At the end of the incubation, wash the samples with three 10-minute washes on a tilting platform in PBST at room temperature before mounting them in mounting medium supplemented with DAPI. within four days of mounting, image at least 100 observations per sample or condition cells on an epifluorescence or confocal microscope, using the same exposure settings for both experimental and control samples. The Dig tag can be visualized by immunofluorescence to reveal the presence of interstrand crosslinks throughout the nucleus.
To visualize the interaction of replisomes with interstrand crosslinks, PLA can be applied to visualize the frequency of association of MCM5 and the Dig tag, one hour after interstrand crosslink introduction. As replication stress activates ATR kinase, the PLA between pMCM two serine 108 and the Dig tag is also positive. The PLA results from individual nuclei can be presented in a three-dimensional reconstruction allowing the visualization of replisome interstrand crosslink encounters throughout the nucleus.
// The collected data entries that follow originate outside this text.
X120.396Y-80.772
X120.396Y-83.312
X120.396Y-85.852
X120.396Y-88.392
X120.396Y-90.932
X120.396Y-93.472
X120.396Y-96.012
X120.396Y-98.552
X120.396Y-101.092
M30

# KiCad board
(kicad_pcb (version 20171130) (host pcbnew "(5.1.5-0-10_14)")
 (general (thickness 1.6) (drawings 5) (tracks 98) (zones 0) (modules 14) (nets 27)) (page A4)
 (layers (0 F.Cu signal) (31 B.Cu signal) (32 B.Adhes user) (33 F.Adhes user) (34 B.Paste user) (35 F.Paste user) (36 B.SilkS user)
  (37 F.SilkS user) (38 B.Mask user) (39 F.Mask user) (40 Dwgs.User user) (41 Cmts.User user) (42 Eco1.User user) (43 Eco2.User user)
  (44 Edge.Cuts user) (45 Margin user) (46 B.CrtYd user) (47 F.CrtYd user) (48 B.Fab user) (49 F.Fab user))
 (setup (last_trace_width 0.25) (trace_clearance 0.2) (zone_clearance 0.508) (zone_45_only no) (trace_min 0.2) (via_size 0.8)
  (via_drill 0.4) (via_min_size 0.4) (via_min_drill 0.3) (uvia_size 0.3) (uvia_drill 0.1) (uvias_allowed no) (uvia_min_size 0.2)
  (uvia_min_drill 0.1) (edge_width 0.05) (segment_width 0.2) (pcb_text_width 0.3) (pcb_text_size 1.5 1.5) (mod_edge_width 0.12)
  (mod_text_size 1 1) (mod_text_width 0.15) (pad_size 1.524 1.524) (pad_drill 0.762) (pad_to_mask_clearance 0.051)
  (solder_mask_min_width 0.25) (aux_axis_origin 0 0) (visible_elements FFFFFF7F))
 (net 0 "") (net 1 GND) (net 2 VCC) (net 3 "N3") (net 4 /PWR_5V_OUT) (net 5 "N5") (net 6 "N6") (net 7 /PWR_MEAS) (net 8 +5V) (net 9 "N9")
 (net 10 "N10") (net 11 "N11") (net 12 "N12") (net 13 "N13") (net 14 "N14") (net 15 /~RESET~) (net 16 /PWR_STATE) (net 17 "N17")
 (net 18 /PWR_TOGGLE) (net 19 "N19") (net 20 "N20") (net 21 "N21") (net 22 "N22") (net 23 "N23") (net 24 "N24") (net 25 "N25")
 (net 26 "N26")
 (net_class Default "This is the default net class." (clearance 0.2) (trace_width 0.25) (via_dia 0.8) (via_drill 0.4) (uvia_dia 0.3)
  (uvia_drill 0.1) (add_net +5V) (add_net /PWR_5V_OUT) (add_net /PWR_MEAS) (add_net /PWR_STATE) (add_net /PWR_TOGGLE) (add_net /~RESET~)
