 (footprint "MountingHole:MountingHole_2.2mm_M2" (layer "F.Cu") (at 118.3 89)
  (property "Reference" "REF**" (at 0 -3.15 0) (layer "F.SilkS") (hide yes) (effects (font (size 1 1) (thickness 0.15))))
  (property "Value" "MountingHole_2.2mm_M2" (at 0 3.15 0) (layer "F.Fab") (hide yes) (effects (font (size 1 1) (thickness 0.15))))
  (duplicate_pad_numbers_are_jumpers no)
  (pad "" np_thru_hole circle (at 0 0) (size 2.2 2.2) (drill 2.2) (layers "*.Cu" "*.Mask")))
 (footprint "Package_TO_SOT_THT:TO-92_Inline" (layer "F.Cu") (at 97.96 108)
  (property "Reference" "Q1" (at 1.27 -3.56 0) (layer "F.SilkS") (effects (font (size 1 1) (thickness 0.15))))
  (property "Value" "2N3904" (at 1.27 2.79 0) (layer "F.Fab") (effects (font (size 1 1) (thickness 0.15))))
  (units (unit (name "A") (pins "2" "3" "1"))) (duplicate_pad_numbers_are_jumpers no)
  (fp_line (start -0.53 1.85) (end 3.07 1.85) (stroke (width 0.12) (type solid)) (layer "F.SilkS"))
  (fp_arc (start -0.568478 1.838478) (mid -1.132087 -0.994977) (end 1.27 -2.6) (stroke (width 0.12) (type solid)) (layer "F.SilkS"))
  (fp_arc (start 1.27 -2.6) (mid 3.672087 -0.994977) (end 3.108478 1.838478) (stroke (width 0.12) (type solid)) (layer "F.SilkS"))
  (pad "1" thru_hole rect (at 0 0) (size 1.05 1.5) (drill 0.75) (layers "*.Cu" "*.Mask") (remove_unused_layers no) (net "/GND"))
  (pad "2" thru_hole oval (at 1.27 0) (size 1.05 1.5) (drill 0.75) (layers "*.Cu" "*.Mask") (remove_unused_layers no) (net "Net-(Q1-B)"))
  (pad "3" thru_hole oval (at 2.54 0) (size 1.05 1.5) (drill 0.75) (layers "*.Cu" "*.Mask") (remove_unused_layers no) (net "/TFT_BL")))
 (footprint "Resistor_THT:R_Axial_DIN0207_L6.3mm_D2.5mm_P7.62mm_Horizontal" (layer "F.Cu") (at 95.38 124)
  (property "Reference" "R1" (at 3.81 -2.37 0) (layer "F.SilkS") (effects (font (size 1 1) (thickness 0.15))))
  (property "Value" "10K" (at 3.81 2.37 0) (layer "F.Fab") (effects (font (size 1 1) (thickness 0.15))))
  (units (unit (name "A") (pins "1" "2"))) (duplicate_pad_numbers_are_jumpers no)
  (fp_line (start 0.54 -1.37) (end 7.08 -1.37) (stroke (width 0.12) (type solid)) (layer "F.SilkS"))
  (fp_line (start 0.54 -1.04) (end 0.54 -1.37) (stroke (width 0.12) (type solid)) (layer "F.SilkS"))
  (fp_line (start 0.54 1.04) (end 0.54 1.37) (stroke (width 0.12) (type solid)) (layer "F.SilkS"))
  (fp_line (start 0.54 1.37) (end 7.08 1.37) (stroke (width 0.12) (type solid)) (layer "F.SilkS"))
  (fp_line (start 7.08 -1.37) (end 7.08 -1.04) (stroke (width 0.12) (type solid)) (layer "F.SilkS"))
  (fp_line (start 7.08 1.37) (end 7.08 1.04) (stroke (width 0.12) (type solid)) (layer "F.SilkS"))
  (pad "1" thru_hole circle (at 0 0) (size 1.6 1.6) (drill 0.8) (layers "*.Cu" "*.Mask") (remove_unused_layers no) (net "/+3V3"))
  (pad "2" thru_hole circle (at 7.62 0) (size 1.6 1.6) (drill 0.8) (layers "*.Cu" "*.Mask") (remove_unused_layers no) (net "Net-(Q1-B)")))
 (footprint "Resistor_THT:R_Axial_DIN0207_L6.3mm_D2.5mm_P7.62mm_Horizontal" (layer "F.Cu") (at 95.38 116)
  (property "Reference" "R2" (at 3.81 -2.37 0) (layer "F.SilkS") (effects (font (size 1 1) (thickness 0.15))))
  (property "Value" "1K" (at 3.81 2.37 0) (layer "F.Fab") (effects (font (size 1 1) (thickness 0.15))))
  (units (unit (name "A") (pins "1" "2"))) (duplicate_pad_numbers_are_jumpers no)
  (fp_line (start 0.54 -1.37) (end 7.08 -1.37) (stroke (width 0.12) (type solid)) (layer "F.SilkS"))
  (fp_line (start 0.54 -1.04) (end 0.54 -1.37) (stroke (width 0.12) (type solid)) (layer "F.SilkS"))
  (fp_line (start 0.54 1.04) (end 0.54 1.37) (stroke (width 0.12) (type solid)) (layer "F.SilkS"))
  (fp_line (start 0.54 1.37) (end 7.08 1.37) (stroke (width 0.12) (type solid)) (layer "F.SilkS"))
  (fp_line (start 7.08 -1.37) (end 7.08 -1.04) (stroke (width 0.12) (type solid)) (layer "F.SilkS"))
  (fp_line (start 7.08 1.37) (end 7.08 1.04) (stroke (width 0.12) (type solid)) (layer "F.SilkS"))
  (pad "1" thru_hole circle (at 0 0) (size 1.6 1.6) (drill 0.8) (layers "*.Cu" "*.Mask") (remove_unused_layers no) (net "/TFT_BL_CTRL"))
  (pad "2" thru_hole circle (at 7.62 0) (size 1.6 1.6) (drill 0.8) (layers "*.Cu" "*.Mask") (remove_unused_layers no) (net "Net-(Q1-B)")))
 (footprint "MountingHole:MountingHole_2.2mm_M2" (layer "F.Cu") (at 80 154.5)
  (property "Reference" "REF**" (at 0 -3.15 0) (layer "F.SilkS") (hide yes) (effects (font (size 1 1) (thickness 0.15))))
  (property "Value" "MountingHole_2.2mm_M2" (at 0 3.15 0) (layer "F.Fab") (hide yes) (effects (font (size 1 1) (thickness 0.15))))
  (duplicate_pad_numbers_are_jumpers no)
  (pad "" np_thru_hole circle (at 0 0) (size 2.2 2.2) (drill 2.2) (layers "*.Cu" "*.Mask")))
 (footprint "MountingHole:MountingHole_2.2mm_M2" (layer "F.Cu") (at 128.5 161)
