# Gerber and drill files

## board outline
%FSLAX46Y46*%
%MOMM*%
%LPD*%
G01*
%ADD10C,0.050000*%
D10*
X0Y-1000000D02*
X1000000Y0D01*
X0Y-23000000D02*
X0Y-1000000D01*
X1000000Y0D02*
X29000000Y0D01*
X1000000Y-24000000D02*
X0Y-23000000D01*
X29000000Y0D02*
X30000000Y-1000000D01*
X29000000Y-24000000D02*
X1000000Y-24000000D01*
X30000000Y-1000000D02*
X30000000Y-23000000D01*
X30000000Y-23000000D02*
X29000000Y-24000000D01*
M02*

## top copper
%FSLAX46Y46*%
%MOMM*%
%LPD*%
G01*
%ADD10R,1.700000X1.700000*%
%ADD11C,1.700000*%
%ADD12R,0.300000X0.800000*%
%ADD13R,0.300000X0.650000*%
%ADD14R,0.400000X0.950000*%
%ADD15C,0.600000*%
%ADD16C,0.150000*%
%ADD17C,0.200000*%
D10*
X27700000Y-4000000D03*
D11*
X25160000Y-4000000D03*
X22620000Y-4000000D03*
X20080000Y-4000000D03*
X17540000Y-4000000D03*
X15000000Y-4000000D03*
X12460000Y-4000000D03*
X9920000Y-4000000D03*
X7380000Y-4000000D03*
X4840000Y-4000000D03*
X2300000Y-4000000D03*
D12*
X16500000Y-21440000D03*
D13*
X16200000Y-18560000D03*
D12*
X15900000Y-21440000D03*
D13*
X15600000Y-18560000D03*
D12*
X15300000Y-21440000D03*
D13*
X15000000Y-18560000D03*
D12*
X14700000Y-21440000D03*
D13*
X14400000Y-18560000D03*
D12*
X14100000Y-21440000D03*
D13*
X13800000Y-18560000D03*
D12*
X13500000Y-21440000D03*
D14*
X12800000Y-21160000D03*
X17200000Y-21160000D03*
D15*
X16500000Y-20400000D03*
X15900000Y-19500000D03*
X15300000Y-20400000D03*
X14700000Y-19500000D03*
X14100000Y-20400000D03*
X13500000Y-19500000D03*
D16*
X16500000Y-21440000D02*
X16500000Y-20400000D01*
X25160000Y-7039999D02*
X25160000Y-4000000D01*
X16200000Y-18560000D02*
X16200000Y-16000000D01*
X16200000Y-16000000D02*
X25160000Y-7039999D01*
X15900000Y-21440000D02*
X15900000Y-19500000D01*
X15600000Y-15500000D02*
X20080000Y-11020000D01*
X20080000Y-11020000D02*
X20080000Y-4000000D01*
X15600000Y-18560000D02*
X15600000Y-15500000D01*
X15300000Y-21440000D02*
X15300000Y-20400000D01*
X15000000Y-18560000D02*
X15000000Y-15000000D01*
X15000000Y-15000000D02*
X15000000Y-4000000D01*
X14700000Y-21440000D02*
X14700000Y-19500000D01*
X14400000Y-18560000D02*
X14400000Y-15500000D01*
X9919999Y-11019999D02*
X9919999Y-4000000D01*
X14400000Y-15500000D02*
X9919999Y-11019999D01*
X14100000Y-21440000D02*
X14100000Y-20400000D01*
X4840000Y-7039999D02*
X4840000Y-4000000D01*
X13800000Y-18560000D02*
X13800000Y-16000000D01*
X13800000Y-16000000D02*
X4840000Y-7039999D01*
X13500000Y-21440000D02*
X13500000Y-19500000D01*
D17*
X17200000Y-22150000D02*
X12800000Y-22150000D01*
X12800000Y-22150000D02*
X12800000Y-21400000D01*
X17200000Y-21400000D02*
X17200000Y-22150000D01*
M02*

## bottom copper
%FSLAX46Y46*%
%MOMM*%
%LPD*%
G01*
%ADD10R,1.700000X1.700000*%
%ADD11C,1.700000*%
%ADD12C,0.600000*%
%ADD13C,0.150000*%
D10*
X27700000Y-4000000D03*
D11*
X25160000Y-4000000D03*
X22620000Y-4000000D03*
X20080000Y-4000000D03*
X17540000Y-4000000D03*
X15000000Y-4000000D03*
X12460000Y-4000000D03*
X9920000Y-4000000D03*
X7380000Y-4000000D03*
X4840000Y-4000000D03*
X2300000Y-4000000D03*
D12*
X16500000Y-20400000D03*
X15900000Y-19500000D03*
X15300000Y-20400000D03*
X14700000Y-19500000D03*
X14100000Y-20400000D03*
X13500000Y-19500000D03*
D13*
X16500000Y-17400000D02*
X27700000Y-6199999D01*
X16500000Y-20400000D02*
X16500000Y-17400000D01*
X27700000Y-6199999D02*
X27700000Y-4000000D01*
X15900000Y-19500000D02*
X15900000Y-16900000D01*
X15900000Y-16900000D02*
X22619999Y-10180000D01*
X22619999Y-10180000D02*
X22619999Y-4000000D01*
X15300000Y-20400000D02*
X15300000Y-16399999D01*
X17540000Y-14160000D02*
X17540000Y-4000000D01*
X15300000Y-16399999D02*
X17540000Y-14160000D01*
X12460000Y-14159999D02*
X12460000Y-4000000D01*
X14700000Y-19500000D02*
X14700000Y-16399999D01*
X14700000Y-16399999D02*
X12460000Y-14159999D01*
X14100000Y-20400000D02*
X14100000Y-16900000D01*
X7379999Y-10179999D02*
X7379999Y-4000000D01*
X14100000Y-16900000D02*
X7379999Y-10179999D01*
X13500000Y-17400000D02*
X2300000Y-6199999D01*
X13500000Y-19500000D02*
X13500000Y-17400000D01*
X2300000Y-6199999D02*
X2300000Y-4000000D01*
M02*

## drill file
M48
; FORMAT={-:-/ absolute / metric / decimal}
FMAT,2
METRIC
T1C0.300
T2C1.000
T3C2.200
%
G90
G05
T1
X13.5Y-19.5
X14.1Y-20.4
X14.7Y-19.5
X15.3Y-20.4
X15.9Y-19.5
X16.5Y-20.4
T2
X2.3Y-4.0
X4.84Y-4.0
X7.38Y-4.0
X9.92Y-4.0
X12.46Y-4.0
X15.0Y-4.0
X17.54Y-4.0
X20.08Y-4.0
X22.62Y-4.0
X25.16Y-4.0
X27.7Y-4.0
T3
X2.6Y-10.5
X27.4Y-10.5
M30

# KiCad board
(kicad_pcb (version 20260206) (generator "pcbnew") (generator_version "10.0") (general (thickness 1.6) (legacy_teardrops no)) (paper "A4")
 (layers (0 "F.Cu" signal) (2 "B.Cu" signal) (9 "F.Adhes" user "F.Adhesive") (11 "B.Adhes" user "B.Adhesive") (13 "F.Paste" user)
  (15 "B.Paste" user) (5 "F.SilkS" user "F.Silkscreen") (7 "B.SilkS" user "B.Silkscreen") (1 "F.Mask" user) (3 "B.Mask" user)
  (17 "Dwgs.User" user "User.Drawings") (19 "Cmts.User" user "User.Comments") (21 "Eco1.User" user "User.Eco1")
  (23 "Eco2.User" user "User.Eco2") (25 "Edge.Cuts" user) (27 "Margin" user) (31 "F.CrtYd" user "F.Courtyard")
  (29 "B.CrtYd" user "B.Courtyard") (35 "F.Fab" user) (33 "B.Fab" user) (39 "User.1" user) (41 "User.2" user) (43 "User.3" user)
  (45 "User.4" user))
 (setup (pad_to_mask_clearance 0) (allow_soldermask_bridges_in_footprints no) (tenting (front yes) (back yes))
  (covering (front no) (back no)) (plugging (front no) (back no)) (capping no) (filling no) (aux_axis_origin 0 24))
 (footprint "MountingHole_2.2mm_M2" (layer "F.Cu") (at 2.6 10.5)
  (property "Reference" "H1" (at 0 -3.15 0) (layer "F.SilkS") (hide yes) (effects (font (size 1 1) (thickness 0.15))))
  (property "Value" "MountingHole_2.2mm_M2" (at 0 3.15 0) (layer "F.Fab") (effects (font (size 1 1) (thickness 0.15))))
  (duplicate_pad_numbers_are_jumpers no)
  (pad "" np_thru_hole circle (at 0 0) (size 2.2 2.2) (drill 2.2) (layers "*.Cu" "*.Mask")))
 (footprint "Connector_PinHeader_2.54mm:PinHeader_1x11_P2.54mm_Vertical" (layer "F.Cu") (at 27.7 4 -90)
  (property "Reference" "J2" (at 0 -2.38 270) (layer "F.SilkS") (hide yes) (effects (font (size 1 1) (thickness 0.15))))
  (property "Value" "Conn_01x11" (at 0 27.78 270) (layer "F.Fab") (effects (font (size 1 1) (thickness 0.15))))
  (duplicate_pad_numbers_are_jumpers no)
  (pad "1" thru_hole rect (at 0 0 270) (size 1.7 1.7) (drill 1) (layers "*.Cu" "*.Mask") (remove_unused_layers no) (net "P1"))
  (pad "2" thru_hole circle (at 0 2.54 270) (size 1.7 1.7) (drill 1) (layers "*.Cu" "*.Mask") (remove_unused_layers no) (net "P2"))
  (pad "3" thru_hole circle (at 0 5.08 270) (size 1.7 1.7) (drill 1) (layers "*.Cu" "*.Mask") (remove_unused_layers no) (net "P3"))
  (pad "4" thru_hole circle (at 0 7.62 270) (size 1.7 1.7) (drill 1) (layers "*.Cu" "*.Mask") (remove_unused_layers no) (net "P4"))
  (pad "5" thru_hole circle (at 0 10.16 270) (size 1.7 1.7) (drill 1) (layers "*.Cu" "*.Mask") (remove_unused_layers no) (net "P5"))
  (pad "6" thru_hole circle (at 0 12.7 270) (size 1.7 1.7) (drill 1) (layers "*.Cu" "*.Mask") (remove_unused_layers no) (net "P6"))
  (pad "7" thru_hole circle (at 0 15.24 270) (size 1.7 1.7) (drill 1) (layers "*.Cu" "*.Mask") (remove_unused_layers no) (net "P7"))
  (pad "8" thru_hole circle (at 0 17.78 270) (size 1.7 1.7) (drill 1) (layers "*.Cu" "*.Mask") (remove_unused_layers no) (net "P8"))
  (pad "9" thru_hole circle (at 0 20.32 270) (size 1.7 1.7) (drill 1) (layers "*.Cu" "*.Mask") (remove_unused_layers no) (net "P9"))
  (pad "10" thru_hole circle (at 0 22.86 270) (size 1.7 1.7) (drill 1) (layers "*.Cu" "*.Mask") (remove_unused_layers no) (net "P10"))
  (pad "11" thru_hole circle (at 0 25.4 270) (size 1.7 1.7) (drill 1) (layers "*.Cu" "*.Mask") (remove_unused_layers no) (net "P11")))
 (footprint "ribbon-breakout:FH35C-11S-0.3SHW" (layer "F.Cu") (at 15 20)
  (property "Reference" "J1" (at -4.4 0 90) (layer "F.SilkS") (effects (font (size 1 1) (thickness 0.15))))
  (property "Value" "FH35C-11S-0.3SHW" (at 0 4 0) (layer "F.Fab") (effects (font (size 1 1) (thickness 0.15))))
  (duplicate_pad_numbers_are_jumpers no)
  (pad "1" smd rect (at 1.5 1.44) (size 0.3 0.8) (layers "F.Cu" "F.Mask" "F.Paste") (solder_paste_margin -0.04) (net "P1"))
Replication Fork analysis indicates that interstrand crosslink encounters demonstrate an unexpected replication restart phenomenon, as the proteins of the GINS complex fail to exhibit PLA signal with the interstrand crosslinks. In contrast, the assay with CD 45 is positive, indicating that the other locking protein is retained. When cells are incubated with an ATR inhibitor, the restart is completely suppressed and the GINS Dig PLAs strongly positive.
CSK+R treatment is essential for reducing background signal. Be sure to coat the plates with a cell adhesive and to prefix with 0.1%FA or the cells will peel off the plate.